What I have found that most contractors have no marketing campaign in place at all. Let me ask you this...If you made at least $50,000.00 more this next year by only doing about 2 extra hours of work a week, would that interest you?


----------



## Tiger

shields said:


> You can't focus on the money. When all you have on your mind is the pay off you will not conduct business in an effective manor what so ever. If you have a back ground in business then you should know this, if you have been in the field then you need to work on the actual business operations to determine what type of system you are going to put in place in order to make it to your goal.


Systems are important, but most businesses fail from problems with Pricing/Bidding, Receivables and Cash Flow, so focus on the money.


----------



## electrician1957

As humans there are only two ways we can fail: In the design or in the execution. Everything we do can only fail or succeed because of the quality of the design or execution (or in rare cases, both).

It's been my experience that 99% of the time when things go wrong, the problem was poor design. As craftsmen we are very familiar with the execution side of things, we do things. But things go wrong in the execution constantly, but we recognize when this happens and fix and correct things on the spot and move on. As we execute electrical projects, we are problem solvers and when we are done, our work product is essentially perfect and trouble free.

Design on the other hand, typically can not be fixed "as you go". A poor design (or plan) will inevitably have a poor result no matter how good the execution was. Imagine a narrow two lane road leading into a city of 100,000 inhabitants, no matter how well the road is constructed, the design is inefficient and this road will not be able to handle the traffic demands placed on it.

If you look around, you will see thousands of examples of things that fail because the initial plan was flawed. Workers in automobile factories expertly assemble vehicles that nobody wants, Wall Street bankers do a good job selling securities based high risk mortgages, that neighborhood restaurant that made great cheeseburgers but went out of business anyway....

Conversely there are many examples of things that are poorly (or marginally) executed but are a success because of an excellent design or plan. We all can easily name very successful businesses whose actual product is only mediocre or worse. Have you noticed that other Electrical Contractors whom you know to be millionaires have a work product that is far below your personal standards? It's a fact that as a business grows and the owner gets further away from his own product, quality suffers. He may not produce poor quality but it will not be up to his standards when he was doing it himself.

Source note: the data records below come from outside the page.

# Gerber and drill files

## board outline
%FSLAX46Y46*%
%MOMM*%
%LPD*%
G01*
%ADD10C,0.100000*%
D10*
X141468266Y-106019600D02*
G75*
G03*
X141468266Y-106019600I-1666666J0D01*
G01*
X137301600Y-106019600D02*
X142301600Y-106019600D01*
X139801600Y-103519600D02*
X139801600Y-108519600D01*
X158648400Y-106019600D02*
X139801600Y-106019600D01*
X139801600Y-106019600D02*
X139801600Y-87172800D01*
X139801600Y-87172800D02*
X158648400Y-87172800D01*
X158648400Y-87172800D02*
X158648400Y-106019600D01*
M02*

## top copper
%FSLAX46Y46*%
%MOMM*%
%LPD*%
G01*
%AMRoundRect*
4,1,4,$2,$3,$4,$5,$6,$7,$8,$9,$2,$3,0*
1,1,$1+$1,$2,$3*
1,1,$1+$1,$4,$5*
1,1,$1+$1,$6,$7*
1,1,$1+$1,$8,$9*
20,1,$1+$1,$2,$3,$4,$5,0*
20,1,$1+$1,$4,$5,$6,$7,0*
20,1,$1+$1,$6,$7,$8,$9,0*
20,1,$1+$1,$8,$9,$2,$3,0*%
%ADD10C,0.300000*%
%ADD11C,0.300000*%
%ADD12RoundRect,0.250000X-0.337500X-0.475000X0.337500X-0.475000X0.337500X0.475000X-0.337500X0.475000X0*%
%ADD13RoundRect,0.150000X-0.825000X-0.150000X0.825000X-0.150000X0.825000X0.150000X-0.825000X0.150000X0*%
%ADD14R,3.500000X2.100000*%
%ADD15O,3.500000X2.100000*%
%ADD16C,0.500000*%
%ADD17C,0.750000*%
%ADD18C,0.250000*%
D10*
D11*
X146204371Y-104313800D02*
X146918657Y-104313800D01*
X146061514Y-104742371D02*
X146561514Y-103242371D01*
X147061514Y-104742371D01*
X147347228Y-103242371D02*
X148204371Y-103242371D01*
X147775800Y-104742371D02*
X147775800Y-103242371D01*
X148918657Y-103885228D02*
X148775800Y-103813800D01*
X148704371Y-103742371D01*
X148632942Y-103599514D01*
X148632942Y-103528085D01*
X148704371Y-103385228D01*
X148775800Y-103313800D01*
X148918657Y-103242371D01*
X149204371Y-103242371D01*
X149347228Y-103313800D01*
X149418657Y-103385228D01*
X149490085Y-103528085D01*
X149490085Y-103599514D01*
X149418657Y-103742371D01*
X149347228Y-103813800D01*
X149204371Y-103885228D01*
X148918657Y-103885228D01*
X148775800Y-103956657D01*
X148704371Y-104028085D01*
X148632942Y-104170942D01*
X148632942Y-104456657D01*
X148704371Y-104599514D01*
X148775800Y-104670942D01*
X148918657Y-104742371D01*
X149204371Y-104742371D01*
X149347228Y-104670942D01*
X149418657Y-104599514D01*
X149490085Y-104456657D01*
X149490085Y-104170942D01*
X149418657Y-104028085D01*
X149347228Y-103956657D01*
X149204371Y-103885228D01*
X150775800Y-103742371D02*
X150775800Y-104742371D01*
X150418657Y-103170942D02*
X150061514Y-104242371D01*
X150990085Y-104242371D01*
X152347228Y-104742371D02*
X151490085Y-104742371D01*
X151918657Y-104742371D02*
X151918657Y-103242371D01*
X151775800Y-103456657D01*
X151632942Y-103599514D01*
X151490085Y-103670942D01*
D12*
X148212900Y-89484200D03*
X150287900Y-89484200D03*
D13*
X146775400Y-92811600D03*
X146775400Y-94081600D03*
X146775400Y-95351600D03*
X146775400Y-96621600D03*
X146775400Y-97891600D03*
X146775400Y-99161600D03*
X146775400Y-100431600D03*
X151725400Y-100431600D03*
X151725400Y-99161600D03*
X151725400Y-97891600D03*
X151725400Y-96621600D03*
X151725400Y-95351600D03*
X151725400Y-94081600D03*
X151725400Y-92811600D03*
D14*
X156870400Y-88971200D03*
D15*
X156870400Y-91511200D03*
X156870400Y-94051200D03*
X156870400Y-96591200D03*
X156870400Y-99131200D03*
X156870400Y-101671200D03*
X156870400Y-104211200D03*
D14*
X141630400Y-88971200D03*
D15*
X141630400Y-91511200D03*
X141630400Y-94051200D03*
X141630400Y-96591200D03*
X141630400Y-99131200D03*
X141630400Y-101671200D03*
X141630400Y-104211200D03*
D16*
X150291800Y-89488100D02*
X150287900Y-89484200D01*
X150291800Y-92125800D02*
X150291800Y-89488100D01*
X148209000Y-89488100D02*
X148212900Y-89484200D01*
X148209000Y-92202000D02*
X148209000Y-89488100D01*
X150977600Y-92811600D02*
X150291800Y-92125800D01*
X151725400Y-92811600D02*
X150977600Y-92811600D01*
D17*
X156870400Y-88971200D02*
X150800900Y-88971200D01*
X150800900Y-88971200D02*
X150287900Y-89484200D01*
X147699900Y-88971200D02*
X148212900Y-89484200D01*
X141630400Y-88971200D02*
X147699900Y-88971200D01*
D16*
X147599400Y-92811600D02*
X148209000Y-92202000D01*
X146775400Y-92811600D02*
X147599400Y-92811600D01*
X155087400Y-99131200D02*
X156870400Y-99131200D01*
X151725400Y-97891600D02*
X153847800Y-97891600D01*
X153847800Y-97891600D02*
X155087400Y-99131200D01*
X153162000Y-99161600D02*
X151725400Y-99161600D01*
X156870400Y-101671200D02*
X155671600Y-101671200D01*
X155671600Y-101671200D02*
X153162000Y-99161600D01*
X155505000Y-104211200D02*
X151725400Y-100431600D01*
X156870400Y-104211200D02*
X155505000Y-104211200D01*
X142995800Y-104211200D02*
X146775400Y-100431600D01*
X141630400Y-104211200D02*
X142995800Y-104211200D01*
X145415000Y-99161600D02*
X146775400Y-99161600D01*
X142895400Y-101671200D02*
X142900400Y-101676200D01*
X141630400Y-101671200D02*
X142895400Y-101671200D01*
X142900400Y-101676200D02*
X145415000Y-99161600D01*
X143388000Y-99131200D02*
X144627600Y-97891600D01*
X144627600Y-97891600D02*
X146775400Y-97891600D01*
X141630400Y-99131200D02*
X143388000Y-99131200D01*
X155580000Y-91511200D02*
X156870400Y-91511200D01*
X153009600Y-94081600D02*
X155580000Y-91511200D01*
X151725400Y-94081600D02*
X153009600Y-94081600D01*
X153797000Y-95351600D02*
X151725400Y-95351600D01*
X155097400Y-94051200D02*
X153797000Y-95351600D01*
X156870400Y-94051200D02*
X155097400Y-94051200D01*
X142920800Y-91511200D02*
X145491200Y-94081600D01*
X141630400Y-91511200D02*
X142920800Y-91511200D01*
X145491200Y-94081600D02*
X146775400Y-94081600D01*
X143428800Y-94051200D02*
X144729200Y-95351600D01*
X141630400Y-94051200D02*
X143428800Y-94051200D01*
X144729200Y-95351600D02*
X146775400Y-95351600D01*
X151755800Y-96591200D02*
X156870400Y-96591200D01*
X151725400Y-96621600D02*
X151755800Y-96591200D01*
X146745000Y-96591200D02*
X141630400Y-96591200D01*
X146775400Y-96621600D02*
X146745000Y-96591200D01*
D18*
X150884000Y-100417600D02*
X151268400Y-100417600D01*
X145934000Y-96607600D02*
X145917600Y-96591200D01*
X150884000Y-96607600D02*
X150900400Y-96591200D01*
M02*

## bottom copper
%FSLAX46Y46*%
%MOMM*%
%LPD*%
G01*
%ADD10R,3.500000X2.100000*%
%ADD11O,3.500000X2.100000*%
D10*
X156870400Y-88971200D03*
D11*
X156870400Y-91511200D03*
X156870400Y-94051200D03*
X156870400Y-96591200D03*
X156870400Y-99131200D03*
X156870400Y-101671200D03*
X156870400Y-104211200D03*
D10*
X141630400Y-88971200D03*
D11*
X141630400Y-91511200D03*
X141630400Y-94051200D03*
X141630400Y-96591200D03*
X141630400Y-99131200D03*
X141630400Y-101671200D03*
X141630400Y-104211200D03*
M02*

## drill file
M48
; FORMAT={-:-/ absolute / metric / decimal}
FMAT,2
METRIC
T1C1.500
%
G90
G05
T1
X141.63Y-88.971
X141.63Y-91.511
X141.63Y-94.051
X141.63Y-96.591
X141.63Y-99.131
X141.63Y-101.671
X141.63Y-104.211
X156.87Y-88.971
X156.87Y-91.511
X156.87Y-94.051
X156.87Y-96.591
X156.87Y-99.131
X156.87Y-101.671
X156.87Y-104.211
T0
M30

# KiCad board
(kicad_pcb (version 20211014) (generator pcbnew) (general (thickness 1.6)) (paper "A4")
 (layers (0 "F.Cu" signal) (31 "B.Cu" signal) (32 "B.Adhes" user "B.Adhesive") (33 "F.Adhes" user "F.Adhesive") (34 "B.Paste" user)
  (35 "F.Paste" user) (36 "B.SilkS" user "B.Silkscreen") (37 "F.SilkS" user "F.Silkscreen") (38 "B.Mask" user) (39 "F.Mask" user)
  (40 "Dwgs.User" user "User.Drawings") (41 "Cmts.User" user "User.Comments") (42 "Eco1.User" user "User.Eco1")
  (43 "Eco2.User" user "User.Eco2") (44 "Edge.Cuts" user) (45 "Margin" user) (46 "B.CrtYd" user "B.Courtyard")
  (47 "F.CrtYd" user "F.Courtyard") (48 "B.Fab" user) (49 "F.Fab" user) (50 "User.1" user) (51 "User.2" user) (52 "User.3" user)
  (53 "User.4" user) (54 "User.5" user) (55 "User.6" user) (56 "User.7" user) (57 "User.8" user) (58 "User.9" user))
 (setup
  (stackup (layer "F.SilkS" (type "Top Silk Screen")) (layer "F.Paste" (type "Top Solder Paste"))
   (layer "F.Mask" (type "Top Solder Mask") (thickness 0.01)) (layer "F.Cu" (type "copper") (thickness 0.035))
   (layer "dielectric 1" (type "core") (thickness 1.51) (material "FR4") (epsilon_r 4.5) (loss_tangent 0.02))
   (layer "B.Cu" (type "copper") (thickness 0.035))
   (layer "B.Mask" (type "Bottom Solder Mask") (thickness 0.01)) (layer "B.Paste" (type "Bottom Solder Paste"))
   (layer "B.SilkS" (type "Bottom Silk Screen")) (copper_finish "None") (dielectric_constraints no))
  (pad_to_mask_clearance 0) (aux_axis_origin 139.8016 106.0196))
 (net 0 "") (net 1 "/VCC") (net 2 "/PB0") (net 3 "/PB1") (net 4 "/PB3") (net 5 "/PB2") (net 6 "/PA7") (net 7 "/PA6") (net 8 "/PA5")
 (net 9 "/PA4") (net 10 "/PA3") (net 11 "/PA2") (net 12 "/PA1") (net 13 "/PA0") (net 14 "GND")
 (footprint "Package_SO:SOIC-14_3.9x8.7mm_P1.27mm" (layer "F.Cu") (at 149.2504 96.6216)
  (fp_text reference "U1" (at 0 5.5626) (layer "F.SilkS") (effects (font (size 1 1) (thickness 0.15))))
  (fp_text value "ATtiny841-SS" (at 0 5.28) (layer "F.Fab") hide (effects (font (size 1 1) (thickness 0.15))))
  (pad "1" smd roundrect locked (at -2.475 -3.81) (size 1.95 0.6) (layers "F.Cu" "F.Paste" "F.Mask") (roundrect_rratio 0.25) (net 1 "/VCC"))
  (pad "2" smd roundrect locked (at -2.475 -2.54) (size 1.95 0.6) (layers "F.Cu" "F.Paste" "F.Mask") (roundrect_rratio 0.25) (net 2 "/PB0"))
  (pad "3" smd roundrect locked (at -2.475 -1.27) (size 1.95 0.6) (layers "F.Cu" "F.Paste" "F.Mask") (roundrect_rratio 0.25) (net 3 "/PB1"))
  (pad "4" smd roundrect locked (at -2.475 0) (size 1.95 0.6) (layers "F.Cu" "F.Paste" "F.Mask") (roundrect_rratio 0.25) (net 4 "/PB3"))
  (pad "5" smd roundrect locked (at -2.475 1.27) (size 1.95 0.6) (layers "F.Cu" "F.Paste" "F.Mask") (roundrect_rratio 0.25) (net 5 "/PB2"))
  (pad "6" smd roundrect locked (at -2.475 2.54) (size 1.95 0.6) (layers "F.Cu" "F.Paste" "F.Mask") (roundrect_rratio 0.25) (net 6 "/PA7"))
  (pad "7" smd roundrect locked (at -2.475 3.81) (size 1.95 0.6) (layers "F.Cu" "F.Paste" "F.Mask") (roundrect_rratio 0.25) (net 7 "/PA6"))
  (pad "8" smd roundrect locked (at 2.475 3.81) (size 1.95 0.6) (layers "F.Cu" "F.Paste" "F.Mask") (roundrect_rratio 0.25) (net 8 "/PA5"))
  (pad "9" smd roundrect locked (at 2.475 2.54) (size 1.95 0.6) (layers "F.Cu" "F.Paste" "F.Mask") (roundrect_rratio 0.25) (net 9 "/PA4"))
  (pad "10" smd roundrect locked (at 2.475 1.27) (size 1.95 0.6) (layers "F.Cu" "F.Paste" "F.Mask") (roundrect_rratio 0.25) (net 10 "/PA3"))
  (pad "11" smd roundrect locked (at 2.475 0) (size 1.95 0.6) (layers "F.Cu" "F.Paste" "F.Mask") (roundrect_rratio 0.25) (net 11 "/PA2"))
  (pad "12" smd roundrect locked (at 2.475 -1.27) (size 1.95 0.6) (layers "F.Cu" "F.Paste" "F.Mask") (roundrect_rratio 0.25) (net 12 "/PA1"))
  (pad "13" smd roundrect locked (at 2.475 -2.54) (size 1.95 0.6) (layers "F.Cu" "F.Paste" "F.Mask") (roundrect_rratio 0.25) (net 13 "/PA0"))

Moral of the story: While proper execution is desirable, proper planning is absolutely essential.

Those people who speak of systems for your business are very wise. You've got to create policies and procedures for your business that will grow with your business. Always conduct yourself as if you were a large business.

Lay out goals for your business and give them names like "Step 1" and "Step 2" for various milestones like hiring your first employees to buying a second truck. Also have an exit strategy, what's your final goal? To sell your business or oversee it part time while your business manager runs it on a daily basis?

Planning is everything.


----------



## shields

Tiger said:


> Systems are important, but most businesses fail from problems with Pricing/Bidding, Receivables and Cash Flow, so focus on the money.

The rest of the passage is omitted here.